Hepatitis C in CKD

The 2022 Clinical Practice Guideline for the Prevention, Diagnosis, Evaluation, and Treatment of Hepatitis C in Chronic Kidney Disease (CKD) and Executive Summary are now published online in Supplement to Kidney International and Kidney International, respectively. The Guideline was co-chaired by Michel Jadoul, MD (Belgium), and Paul Martin, MD (United States).

The KDIGO 2022 Hepatitis C in CKD Guideline follows four years after the last clinical practice guideline on this topic in 2018. The 2022 Hepatitis C in CKD Guideline addresses new evidence that has accumulated in several areas, including the role of additional direct-acting antiviral regimens in treating patients with hepatitis C virus (HCV) and CKD G1-G5 or CKD G5D, including kidney transplant recipients. The guideline also addresses studies attesting to the efficacy and safety of kidney transplantation from donors with HCV to recipients who are HCV negative, and the role of kidney biopsy in managing HCV-associated glomerulonephritis.

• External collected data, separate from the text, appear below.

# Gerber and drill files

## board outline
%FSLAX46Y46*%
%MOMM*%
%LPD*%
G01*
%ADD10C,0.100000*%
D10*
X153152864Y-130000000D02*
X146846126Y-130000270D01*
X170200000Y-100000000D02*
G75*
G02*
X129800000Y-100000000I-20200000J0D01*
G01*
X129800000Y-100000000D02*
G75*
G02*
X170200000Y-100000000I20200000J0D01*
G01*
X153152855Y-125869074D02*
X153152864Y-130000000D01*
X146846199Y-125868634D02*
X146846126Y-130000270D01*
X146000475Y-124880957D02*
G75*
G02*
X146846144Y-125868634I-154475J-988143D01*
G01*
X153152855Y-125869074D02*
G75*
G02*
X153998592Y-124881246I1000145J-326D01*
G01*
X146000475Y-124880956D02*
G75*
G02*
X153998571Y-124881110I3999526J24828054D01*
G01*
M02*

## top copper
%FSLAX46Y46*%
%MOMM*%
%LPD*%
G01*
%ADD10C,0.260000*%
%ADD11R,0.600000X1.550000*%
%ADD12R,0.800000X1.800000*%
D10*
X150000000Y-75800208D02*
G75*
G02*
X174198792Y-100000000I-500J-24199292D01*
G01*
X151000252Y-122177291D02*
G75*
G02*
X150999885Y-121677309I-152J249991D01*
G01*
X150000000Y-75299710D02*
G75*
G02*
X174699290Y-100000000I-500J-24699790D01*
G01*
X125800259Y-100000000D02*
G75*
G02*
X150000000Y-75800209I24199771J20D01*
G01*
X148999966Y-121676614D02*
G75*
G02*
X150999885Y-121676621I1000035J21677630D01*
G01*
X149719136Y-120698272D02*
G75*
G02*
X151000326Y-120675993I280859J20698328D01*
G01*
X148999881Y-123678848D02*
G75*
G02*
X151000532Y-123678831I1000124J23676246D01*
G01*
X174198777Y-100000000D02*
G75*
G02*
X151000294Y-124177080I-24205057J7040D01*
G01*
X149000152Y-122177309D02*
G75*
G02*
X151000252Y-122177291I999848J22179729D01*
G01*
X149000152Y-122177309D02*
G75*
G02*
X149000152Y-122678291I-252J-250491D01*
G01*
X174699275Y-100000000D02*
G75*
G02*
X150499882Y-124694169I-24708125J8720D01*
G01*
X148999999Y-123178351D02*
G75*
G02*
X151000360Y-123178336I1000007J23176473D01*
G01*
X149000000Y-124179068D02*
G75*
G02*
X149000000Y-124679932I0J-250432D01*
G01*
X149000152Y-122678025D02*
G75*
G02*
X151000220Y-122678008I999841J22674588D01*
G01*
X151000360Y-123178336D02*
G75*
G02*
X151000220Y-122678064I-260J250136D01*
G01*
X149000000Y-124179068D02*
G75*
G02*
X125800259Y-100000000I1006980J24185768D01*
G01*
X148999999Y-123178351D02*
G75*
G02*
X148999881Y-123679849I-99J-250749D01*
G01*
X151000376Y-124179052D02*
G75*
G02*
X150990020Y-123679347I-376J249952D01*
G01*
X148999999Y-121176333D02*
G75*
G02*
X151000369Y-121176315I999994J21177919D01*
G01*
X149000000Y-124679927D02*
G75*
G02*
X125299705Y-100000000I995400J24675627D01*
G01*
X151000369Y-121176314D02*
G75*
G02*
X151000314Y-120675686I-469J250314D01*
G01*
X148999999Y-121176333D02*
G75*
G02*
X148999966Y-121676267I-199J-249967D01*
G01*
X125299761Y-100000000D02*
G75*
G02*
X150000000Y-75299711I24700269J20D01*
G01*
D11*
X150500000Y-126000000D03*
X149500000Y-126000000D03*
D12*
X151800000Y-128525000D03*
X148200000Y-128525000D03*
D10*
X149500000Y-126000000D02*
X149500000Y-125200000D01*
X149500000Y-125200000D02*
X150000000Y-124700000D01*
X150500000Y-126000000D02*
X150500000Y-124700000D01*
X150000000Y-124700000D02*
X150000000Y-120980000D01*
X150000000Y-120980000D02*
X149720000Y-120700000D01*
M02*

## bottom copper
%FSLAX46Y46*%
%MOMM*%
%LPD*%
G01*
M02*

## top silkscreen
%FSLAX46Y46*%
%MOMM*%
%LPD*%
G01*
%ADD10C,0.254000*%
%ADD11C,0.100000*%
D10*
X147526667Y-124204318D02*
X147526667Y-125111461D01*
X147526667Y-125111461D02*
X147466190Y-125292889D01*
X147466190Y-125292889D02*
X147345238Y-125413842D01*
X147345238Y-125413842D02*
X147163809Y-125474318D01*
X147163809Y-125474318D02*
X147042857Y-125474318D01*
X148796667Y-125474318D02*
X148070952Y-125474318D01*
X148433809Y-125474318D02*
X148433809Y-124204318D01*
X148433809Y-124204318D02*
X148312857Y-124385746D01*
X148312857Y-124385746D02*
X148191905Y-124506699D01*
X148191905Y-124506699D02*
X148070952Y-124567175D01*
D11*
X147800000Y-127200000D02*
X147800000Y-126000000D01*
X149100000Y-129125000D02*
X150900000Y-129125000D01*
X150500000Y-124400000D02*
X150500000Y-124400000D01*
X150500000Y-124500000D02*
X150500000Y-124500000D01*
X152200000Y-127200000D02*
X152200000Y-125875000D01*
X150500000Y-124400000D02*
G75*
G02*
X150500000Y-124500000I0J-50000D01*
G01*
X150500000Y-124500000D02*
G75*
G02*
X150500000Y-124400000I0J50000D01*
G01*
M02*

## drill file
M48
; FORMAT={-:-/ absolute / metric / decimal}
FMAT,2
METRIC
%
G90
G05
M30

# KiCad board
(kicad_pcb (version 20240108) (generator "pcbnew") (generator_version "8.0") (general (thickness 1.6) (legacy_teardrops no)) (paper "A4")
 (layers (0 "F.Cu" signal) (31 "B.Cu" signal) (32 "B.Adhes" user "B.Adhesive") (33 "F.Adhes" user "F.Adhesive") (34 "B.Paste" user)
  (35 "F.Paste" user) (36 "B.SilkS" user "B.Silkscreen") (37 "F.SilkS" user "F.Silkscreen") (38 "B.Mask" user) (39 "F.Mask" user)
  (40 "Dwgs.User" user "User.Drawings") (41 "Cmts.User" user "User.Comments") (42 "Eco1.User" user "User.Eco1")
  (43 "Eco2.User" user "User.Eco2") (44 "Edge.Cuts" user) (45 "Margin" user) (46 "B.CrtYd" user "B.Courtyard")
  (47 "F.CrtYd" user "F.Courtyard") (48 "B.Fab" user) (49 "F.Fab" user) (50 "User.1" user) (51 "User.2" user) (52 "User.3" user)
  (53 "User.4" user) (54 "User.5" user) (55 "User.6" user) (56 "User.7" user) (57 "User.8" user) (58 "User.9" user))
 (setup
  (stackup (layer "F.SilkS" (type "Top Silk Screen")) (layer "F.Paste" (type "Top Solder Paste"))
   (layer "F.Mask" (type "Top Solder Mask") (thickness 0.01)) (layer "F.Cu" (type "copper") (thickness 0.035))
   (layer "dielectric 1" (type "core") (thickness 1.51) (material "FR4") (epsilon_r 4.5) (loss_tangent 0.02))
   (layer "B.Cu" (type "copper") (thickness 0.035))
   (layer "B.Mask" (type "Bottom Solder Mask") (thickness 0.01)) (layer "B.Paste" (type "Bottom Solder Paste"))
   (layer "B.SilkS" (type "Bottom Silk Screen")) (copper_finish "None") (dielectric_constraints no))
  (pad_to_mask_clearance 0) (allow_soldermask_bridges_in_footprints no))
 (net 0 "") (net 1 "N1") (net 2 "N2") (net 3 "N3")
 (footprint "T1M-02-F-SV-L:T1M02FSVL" (layer "F.Cu") (at 150 127.5 180)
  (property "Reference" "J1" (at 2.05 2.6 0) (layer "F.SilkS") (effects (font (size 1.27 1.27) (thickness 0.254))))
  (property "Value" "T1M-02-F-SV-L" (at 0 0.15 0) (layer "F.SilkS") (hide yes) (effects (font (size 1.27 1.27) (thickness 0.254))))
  (fp_line (start 2.2 0.3) (end 2.2 1.5) (stroke (width 0.1) (type solid)) (layer "F.SilkS"))
  (fp_line (start 0.9 -1.625) (end -0.9 -1.625) (stroke (width 0.1) (type solid)) (layer "F.SilkS"))
  (fp_line (start -0.5 3.1) (end -0.5 3.1) (stroke (width 0.1) (type solid)) (layer "F.SilkS"))
  (fp_line (start -0.5 3) (end -0.5 3) (stroke (width 0.1) (type solid)) (layer "F.SilkS"))
  (fp_line (start -2.2 0.3) (end -2.2 1.625) (stroke (width 0.1) (type solid)) (layer "F.SilkS"))
  (fp_arc (start -0.5 3.1) (mid -0.55 3.05) (end -0.5 3) (stroke (width 0.1) (type solid)) (layer "F.SilkS"))
  (fp_arc (start -0.5 3) (mid -0.45 3.05) (end -0.5 3.1) (stroke (width 0.1) (type solid)) (layer "F.SilkS"))
  (pad "1" smd rect (at -0.5 1.5 180) (size 0.6 1.55) (layers "F.Cu" "F.Paste" "F.Mask") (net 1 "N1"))
  (pad "2" smd rect (at 0.5 1.5 180) (size 0.6 1.55) (layers "F.Cu" "F.Paste" "F.Mask") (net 1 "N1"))
  (pad "MP1" smd rect (at -1.8 -1.025 180) (size 0.8 1.8) (layers "F.Cu" "F.Paste" "F.Mask") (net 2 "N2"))
  (pad "MP2" smd rect (at 1.8 -1.025 180) (size 0.8 1.8) (layers "F.Cu" "F.Paste" "F.Mask") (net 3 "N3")))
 (gr_arc (start 150 75.800208) (mid 167.111329 82.888373) (end 174.198777 100) (stroke (width 0.26) (type solid)) (layer "F.Cu") (net 1))
 (gr_arc (start 151.000252 122.177291) (mid 150.750104 121.927509) (end 150.999885 121.677361) (stroke (width 0.26) (type solid))
  (layer "F.Cu") (net 1))
 (gr_arc (start 150 75.29971) (mid 167.465235 82.534468) (end 174.699275 100) (stroke (width 0.26) (type solid)) (layer "F.Cu") (net 1))
 (gr_arc (start 125.800259 100) (mid 132.888189 82.888174) (end 150 75.800208) (stroke (width 0.26) (type solid)) (layer "F.Cu") (net 1))
 (gr_arc (start 148.999966 121.676614) (mid 150.000077 78.298299) (end 150.999885 121.676621) (stroke (width 0.26) (type solid))
  (layer "F.Cu") (net 1))
 (gr_arc (start 149.719136 120.698272) (mid 149.640087 79.30284) (end 151.000326 120.675993) (stroke (width 0.26) (type solid))
  (layer "F.Cu") (net 1))
 (gr_arc (start 148.999881 123.678848) (mid 149.999803 76.305242) (end 151.000532 123.678831) (stroke (width 0.26) (type solid))
  (layer "F.Cu") (net 1))
 (gr_arc (start 174.198777 100) (mid 167.459097 116.751403) (end 151.000294 124.177077) (stroke (width 0.26) (type solid)) (layer "F.Cu")
  (net 1))
 (gr_arc (start 149.000152 122.177309) (mid 149.999802 77.795324) (end 151.000252 122.177291) (stroke (width 0.26) (type solid))
  (layer "F.Cu") (net 1))
 (gr_arc (start 149.000152 122.177309) (mid 149.250395 122.427771) (end 149.000152 122.678233) (stroke (width 0.26) (type solid))
  (layer "F.Cu") (net 1))
 (gr_arc (start 174.699275 100) (mid 167.638329 117.284877) (end 150.499882 124.694165) (stroke (width 0.26) (type solid)) (layer "F.Cu")
  (net 1))
 (gr_arc (start 148.999999 123.178351) (mid 149.999832 76.803841) (end 151.00036 123.178336) (stroke (width 0.26) (type solid))
  (layer "F.Cu") (net 1))
 (gr_arc (start 149 124.179068) (mid 149.25043 124.429498) (end 149 124.679928) (stroke (width 0.26) (type solid)) (layer "F.Cu") (net 1))
 (gr_arc (start 149.000152 122.678025) (mid 149.9998 77.306816) (end 151.00022 122.678008) (stroke (width 0.26) (type solid)) (layer "F.Cu")
  (net 1))
 (gr_arc (start 151.00036 123.178336) (mid 150.749897 122.928231) (end 151.00022 122.677986) (stroke (width 0.26) (type solid))
  (layer "F.Cu") (net 1))
 (gr_arc (start 149 124.179068) (mid 132.540168 116.752652) (end 125.800259 100) (stroke (width 0.26) (type solid)) (layer "F.Cu") (net 1))
 (gr_arc (start 148.999999 123.178351) (mid 149.250697 123.429167) (end 148.999881 123.679865) (stroke (width 0.26) (type solid))
  (layer "F.Cu") (net 1))
 (gr_arc (start 151.000376 124.179052) (mid 150.750132 123.93431) (end 150.990023 123.679413) (stroke (width 0.26) (type solid))
  (layer "F.Cu") (net 1))
 (gr_arc (start 148.999999 121.176333) (mid 149.999802 78.796899) (end 151.000369 121.176315) (stroke (width 0.26) (type solid))
  (layer "F.Cu") (net 1))
 (gr_arc (start 149 124.679927) (mid 132.182992 117.109688) (end 125.299761 100) (stroke (width 0.26) (type solid)) (layer "F.Cu") (net 1))
 (gr_arc (start 151.000369 121.176314) (mid 150.74962 120.926057) (end 151.000314 120.675746) (stroke (width 0.26) (type solid))
  (layer "F.Cu") (net 1))
 (gr_arc (start 148.999999 121.176333) (mid 149.249754 121.426338) (end 148.999966 121.676311) (stroke (width 0.26) (type solid))
  (layer "F.Cu") (net 1))
 (gr_arc (start 125.299761 100) (mid 132.534283 82.534269) (end 150 75.29971) (stroke (width 0.26) (type solid)) (layer "F.Cu") (net 1))
 (gr_line (start 153.152864 130) (end 146.846126 130.00027) (stroke (width 0.1) (type solid)) (layer "Edge.Cuts"))
 (gr_circle (center 150 100) (end 170.2 100) (stroke (width 0.1) (type solid)) (fill none) (layer "Edge.Cuts"))
 (gr_line (start 153.152855 125.869074) (end 153.152864 130) (stroke (width 0.1) (type solid)) (layer "Edge.Cuts"))
 (gr_line (start 146.846199 125.868634) (end 146.846126 130.00027) (stroke (width 0.1) (type solid)) (layer "Edge.Cuts"))
 (gr_arc (start 146.000475 124.880957) (mid 146.605735 125.218613) (end 146.846199 125.868634) (stroke (width 0.1) (type solid))
  (layer "Edge.Cuts"))
 (gr_arc (start 153.152855 125.869074) (mid 153.393264 125.218946) (end 153.998592 124.881245) (stroke (width 0.1) (type solid))
  (layer "Edge.Cuts"))
 (gr_arc (start 146.000475 124.880956) (mid 150.000485 74.904771) (end 153.998571 124.88111) (stroke (width 0.1) (type solid))
  (layer "Edge.Cuts"))
 (segment (start 149.5 126) (end 149.5 125.2) (width 0.26) (layer "F.Cu") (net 1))
 (segment (start 149.5 125.2) (end 150 124.7) (width 0.26) (layer "F.Cu") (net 1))
 (segment (start 150.5 126) (end 150.5 124.7) (width 0.26) (layer "F.Cu") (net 1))
 (segment (start 150 124.7) (end 150 120.98) (width 0.26) (layer "F.Cu") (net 1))
 (segment (start 150 120.98) (end 149.72 120.7) (width 0.26) (layer "F.Cu") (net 1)))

This guideline is intended to assist clinicians caring for HCV and CKD patients, including those on chronic dialysis therapy and individuals with a kidney transplant. Topic areas for which specific recommendations are issued include the detection and evaluation of HCV in CKD; treatment of HCV infection in patients with CKD; prevention of HCV transmission in hemodialysis units; management of HCV-infected patients before and after kidney transplantation; and the diagnosis and management of kidney diseases associated with HCV infection.

Development of the Hepatitis C in CKD Guideline followed KDIGO’s explicit process of systematic evidence review. Appraisal of the quality of the evidence and the strength of recommendations followed the ‘Grading of Recommendations Assessment, Development and Evaluation’ (GRADE) approach. Limitations of the evidence were discussed, with areas of future research also presented.

Read the full News Release.


This Clinical Practice Guideline is based upon the best information available at the time of publication. The recommendations are designed to provide information and assist decision-making. They are not intended to define a standard of care, and should not be construed as one. Neither should they be interpreted as prescribing an exclusive course of management. Variations in practice will inevitably and appropriately occur when clinicians take into account the needs of individual patients, available resources, and limitations unique to an institution or type of practice. Every health care professional making use of this Guideline is responsible for evaluating the appropriateness of applying them in the setting of any particular clinical situation. The recommendations for research contained within this document are general and do not imply a specific protocol.